Saved entries
═══
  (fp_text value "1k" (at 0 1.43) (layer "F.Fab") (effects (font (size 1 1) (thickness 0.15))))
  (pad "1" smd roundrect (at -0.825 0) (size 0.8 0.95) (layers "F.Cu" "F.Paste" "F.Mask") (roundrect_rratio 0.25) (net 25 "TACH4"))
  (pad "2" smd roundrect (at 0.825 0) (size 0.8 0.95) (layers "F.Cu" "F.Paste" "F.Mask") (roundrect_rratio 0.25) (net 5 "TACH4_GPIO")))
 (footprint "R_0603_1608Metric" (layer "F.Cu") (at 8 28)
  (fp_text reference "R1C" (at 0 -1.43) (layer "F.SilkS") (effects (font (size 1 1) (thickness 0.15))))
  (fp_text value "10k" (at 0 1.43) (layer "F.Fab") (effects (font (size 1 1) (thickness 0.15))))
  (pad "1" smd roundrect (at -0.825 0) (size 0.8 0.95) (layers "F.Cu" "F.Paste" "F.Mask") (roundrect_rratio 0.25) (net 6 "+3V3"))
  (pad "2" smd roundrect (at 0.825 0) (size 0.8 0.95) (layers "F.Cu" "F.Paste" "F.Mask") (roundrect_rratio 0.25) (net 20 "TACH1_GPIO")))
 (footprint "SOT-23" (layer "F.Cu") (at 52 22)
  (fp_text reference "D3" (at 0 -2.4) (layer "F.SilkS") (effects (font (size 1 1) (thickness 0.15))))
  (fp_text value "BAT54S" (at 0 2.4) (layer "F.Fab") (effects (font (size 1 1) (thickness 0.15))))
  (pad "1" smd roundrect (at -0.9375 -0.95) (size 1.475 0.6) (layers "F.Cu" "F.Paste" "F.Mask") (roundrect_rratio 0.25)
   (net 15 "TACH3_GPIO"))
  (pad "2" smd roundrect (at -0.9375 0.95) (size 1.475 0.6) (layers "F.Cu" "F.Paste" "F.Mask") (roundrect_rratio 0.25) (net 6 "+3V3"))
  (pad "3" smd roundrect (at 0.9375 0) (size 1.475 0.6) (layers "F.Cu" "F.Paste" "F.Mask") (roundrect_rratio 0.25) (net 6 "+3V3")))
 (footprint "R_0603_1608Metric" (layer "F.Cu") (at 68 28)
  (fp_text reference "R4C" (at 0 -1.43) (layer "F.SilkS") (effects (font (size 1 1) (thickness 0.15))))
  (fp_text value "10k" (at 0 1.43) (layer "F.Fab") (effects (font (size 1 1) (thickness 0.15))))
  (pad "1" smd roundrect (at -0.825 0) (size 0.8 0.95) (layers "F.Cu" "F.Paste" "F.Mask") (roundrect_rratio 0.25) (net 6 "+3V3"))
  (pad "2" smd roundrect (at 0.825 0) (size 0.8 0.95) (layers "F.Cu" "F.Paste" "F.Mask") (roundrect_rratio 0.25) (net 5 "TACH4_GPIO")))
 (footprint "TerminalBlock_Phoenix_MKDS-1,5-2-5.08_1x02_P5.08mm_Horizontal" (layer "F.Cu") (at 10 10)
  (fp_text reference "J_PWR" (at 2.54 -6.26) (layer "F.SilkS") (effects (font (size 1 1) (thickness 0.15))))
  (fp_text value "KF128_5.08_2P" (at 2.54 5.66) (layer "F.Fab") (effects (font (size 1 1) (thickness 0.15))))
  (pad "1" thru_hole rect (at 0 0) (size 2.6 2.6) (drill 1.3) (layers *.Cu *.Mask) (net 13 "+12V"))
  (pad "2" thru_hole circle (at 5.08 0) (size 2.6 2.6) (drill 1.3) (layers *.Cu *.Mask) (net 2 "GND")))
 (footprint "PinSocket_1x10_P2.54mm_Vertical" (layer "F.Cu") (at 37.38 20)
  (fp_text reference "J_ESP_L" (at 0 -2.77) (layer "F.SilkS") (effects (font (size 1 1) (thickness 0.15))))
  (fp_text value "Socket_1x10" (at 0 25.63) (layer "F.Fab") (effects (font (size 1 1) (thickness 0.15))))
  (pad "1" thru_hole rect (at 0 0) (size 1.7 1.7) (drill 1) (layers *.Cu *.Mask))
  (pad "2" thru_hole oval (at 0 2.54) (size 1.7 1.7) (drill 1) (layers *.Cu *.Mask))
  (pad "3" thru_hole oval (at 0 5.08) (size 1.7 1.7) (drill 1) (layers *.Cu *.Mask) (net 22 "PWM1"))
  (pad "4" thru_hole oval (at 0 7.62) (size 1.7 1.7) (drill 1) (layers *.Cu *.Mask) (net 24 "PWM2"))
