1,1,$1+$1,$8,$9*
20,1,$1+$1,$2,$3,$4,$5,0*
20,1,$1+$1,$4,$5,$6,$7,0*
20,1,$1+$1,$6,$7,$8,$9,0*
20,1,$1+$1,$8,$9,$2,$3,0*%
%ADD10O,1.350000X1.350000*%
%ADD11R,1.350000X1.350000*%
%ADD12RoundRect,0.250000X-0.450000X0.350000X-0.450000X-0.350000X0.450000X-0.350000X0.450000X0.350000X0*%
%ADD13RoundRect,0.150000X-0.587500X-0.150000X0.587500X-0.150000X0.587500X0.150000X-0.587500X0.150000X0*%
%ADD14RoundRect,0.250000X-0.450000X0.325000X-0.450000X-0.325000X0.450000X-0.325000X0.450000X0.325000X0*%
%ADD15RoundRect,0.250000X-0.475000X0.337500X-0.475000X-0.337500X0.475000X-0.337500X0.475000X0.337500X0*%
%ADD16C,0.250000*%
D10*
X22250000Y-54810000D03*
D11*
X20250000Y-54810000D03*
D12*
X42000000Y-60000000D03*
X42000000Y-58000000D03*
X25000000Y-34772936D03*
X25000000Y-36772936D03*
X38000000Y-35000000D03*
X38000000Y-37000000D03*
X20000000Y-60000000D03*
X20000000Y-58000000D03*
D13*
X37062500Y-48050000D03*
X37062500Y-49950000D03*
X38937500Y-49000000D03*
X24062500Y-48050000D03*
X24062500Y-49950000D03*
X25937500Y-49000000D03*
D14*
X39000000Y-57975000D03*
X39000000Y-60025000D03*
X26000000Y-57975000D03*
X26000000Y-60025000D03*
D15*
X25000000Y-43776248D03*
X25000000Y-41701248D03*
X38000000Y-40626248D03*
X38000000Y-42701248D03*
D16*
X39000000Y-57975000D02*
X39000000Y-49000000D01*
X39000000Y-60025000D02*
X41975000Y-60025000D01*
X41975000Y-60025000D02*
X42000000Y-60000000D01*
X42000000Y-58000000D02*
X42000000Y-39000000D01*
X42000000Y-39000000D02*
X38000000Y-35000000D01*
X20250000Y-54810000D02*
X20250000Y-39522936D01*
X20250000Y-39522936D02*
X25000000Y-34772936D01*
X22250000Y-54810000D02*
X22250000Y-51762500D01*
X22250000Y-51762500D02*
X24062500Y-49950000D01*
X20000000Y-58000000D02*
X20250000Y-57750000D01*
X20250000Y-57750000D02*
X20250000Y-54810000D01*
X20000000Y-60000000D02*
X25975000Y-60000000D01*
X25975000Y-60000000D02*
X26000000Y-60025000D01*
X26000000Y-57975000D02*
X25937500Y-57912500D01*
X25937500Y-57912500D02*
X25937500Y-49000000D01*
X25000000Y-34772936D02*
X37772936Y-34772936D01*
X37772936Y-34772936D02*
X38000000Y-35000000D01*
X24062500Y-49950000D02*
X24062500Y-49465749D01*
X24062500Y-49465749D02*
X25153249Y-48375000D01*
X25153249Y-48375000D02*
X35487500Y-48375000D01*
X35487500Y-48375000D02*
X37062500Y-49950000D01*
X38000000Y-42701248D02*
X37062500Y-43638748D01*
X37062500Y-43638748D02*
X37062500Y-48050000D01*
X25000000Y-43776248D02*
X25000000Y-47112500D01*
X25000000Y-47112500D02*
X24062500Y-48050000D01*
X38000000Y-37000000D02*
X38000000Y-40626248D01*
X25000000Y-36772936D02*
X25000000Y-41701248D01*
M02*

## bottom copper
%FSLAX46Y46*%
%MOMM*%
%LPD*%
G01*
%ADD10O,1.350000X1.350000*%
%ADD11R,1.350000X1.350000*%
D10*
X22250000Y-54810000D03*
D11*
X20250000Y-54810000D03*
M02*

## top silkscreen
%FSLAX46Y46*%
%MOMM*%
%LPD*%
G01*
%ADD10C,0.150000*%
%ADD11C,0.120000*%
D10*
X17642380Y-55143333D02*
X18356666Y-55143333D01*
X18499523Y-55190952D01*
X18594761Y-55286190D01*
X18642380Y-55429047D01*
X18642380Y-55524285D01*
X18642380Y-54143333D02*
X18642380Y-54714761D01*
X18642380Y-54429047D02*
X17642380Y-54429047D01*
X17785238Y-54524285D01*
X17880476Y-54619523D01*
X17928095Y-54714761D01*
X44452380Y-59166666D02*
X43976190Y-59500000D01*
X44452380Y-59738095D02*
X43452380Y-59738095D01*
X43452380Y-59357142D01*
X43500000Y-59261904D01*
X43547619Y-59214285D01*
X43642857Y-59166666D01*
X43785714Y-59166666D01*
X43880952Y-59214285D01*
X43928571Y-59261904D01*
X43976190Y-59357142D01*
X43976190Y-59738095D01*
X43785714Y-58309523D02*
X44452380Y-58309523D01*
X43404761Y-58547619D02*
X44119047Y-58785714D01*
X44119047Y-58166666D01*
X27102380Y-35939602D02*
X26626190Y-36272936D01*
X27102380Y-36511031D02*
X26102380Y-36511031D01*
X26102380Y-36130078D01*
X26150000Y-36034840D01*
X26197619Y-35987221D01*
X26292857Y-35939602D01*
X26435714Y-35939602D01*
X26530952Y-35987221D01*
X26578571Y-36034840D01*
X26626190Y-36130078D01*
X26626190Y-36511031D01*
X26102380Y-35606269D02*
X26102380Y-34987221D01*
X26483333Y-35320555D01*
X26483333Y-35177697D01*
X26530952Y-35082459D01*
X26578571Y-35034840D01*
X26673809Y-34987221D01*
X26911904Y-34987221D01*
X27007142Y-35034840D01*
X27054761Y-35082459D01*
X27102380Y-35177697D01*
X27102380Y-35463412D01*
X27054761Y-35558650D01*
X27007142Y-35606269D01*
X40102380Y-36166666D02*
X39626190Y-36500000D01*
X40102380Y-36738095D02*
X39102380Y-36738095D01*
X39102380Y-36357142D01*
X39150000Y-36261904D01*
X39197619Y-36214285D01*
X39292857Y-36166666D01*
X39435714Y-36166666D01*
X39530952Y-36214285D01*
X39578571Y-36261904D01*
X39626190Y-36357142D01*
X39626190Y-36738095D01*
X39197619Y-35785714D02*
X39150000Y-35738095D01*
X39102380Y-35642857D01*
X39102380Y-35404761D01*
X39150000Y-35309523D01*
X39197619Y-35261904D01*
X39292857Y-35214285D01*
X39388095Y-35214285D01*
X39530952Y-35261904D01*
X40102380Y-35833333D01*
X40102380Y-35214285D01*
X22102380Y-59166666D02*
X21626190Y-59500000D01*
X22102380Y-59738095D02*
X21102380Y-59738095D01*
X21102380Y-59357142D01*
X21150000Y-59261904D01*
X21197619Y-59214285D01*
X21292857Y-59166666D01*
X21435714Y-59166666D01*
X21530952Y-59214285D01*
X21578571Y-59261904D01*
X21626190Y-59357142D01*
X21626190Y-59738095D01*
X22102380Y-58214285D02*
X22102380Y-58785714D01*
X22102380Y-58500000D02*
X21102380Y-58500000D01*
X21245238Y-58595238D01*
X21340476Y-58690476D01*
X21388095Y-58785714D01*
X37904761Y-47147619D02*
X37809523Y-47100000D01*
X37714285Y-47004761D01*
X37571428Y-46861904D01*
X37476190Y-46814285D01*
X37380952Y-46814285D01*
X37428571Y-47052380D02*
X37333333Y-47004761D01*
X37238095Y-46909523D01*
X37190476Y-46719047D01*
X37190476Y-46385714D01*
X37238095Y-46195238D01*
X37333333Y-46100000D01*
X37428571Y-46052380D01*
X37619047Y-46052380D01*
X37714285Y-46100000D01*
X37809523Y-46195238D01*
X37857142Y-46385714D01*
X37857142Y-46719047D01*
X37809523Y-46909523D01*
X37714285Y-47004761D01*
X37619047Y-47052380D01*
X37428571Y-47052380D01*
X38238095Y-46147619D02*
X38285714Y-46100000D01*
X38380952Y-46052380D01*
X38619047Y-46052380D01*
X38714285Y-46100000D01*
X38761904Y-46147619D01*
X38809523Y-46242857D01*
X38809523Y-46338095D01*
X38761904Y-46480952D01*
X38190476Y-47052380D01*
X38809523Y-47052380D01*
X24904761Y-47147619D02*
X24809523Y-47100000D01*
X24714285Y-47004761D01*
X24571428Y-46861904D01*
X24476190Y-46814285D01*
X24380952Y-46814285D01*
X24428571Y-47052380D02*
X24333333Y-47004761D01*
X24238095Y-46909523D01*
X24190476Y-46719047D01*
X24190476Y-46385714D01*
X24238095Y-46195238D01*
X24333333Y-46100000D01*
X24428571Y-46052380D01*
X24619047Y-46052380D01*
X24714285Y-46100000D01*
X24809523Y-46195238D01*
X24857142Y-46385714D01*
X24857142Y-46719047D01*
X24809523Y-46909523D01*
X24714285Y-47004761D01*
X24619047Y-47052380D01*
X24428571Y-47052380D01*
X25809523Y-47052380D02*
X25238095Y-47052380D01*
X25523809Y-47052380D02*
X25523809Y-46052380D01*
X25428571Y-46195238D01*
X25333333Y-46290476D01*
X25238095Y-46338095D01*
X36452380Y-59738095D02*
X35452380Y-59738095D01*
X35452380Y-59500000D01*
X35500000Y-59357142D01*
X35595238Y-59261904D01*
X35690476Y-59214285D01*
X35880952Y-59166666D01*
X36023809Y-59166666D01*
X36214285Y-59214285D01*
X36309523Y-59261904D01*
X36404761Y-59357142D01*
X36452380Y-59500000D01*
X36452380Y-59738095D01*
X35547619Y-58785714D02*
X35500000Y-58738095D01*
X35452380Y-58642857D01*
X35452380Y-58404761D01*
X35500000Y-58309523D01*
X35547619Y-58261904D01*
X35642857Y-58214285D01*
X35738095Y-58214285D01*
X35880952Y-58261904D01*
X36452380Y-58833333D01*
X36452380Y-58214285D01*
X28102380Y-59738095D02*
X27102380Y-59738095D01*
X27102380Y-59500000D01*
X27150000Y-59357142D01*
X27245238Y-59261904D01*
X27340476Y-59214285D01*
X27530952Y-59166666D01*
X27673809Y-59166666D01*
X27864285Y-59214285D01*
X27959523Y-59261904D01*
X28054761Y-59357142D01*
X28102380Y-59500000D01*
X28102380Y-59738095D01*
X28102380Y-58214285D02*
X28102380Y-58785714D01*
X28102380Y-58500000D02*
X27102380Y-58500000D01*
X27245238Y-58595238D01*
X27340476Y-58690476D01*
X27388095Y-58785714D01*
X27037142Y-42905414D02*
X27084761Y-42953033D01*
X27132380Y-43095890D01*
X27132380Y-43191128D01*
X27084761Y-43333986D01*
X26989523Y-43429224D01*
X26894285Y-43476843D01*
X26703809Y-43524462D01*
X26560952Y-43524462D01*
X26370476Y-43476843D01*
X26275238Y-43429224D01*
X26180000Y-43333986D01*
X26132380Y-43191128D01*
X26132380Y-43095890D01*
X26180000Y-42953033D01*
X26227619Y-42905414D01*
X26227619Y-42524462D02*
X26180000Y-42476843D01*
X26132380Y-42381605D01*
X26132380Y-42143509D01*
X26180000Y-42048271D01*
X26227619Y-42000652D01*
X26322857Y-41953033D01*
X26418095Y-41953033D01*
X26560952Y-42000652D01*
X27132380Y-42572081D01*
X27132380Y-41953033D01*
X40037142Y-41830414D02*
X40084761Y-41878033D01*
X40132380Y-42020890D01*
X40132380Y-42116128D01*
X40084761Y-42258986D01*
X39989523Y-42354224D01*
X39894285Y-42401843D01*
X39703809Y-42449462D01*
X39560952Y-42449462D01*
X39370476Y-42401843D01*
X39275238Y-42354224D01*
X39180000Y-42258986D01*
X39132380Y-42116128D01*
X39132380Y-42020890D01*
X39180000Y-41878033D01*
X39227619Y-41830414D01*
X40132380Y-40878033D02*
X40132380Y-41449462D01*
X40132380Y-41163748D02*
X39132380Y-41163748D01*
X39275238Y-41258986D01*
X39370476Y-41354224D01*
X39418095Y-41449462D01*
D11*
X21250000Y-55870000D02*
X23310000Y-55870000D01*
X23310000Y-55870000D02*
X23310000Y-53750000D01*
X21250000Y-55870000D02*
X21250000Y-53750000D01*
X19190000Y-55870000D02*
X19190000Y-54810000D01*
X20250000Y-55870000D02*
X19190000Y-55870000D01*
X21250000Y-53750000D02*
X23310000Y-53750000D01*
═══
All lines above that include the word "oval" should be located and copied.

  (pad "2" thru_hole oval (at 0 2.54) (size 1.7 1.7) (drill 1) (layers *.Cu *.Mask))
  (pad "3" thru_hole oval (at 0 5.08) (size 1.7 1.7) (drill 1) (layers *.Cu *.Mask) (net 22 "PWM1"))
  (pad "4" thru_hole oval (at 0 7.62) (size 1.7 1.7) (drill 1) (layers *.Cu *.Mask) (net 24 "PWM2"))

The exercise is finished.